BEGIN INPUT FOR THIS TASK

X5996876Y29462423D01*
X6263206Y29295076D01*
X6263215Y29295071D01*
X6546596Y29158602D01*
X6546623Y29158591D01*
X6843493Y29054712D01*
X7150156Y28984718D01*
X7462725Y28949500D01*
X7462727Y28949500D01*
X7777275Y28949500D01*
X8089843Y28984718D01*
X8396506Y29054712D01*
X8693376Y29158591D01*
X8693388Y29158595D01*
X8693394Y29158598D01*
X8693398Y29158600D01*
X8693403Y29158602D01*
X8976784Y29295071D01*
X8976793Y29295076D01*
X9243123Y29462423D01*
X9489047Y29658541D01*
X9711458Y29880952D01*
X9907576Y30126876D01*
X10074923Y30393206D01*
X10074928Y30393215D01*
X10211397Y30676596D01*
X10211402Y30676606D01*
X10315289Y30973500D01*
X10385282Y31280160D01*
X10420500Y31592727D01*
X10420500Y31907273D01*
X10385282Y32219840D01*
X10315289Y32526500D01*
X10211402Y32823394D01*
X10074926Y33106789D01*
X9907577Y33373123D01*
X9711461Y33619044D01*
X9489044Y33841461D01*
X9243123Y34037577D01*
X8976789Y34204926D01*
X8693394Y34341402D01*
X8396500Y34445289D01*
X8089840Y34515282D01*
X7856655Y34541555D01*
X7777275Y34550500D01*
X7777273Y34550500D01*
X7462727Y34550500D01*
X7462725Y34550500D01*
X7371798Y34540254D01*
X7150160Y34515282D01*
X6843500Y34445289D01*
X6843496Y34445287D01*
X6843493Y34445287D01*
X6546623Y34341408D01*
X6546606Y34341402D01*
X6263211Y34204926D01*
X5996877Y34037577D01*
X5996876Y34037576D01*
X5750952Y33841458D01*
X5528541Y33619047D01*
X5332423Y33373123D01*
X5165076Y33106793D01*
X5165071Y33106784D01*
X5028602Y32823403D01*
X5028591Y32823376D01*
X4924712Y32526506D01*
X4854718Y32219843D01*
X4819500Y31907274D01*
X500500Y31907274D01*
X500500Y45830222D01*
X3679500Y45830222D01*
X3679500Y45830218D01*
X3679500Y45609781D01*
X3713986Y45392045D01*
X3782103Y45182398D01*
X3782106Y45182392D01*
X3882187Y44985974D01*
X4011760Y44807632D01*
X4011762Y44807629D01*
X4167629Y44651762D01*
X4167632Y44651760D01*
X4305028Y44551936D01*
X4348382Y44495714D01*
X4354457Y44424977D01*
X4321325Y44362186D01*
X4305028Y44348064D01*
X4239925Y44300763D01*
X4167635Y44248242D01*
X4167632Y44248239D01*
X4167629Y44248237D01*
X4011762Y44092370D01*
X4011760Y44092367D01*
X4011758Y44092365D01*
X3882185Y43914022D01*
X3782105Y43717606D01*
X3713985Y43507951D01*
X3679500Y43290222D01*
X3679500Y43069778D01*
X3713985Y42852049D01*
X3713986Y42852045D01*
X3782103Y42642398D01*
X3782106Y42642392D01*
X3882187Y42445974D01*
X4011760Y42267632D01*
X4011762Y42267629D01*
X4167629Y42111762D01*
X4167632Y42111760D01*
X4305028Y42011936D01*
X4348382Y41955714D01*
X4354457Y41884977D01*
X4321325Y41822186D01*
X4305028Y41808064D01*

END INPUT FOR THIS TASK

**EXERCISE**
Within the listing above, the range opens at the line with "X5996876Y34037576D01*" and closes at the line with "X4167635Y44248242D01*". Reproduce exactly the lines of that range, including both ends.

**SOLUTION**
X5996876Y34037576D01*
X5750952Y33841458D01*
X5528541Y33619047D01*
X5332423Y33373123D01*
X5165076Y33106793D01*
X5165071Y33106784D01*
X5028602Y32823403D01*
X5028591Y32823376D01*
X4924712Y32526506D01*
X4854718Y32219843D01*
X4819500Y31907274D01*
X500500Y31907274D01*
X500500Y45830222D01*
X3679500Y45830222D01*
X3679500Y45830218D01*
X3679500Y45609781D01*
X3713986Y45392045D01*
X3782103Y45182398D01*
X3782106Y45182392D01*
X3882187Y44985974D01*
X4011760Y44807632D01*
X4011762Y44807629D01*
X4167629Y44651762D01*
X4167632Y44651760D01*
X4305028Y44551936D01*
X4348382Y44495714D01*
X4354457Y44424977D01*
X4321325Y44362186D01*
X4305028Y44348064D01*
X4239925Y44300763D01*
X4167635Y44248242D01*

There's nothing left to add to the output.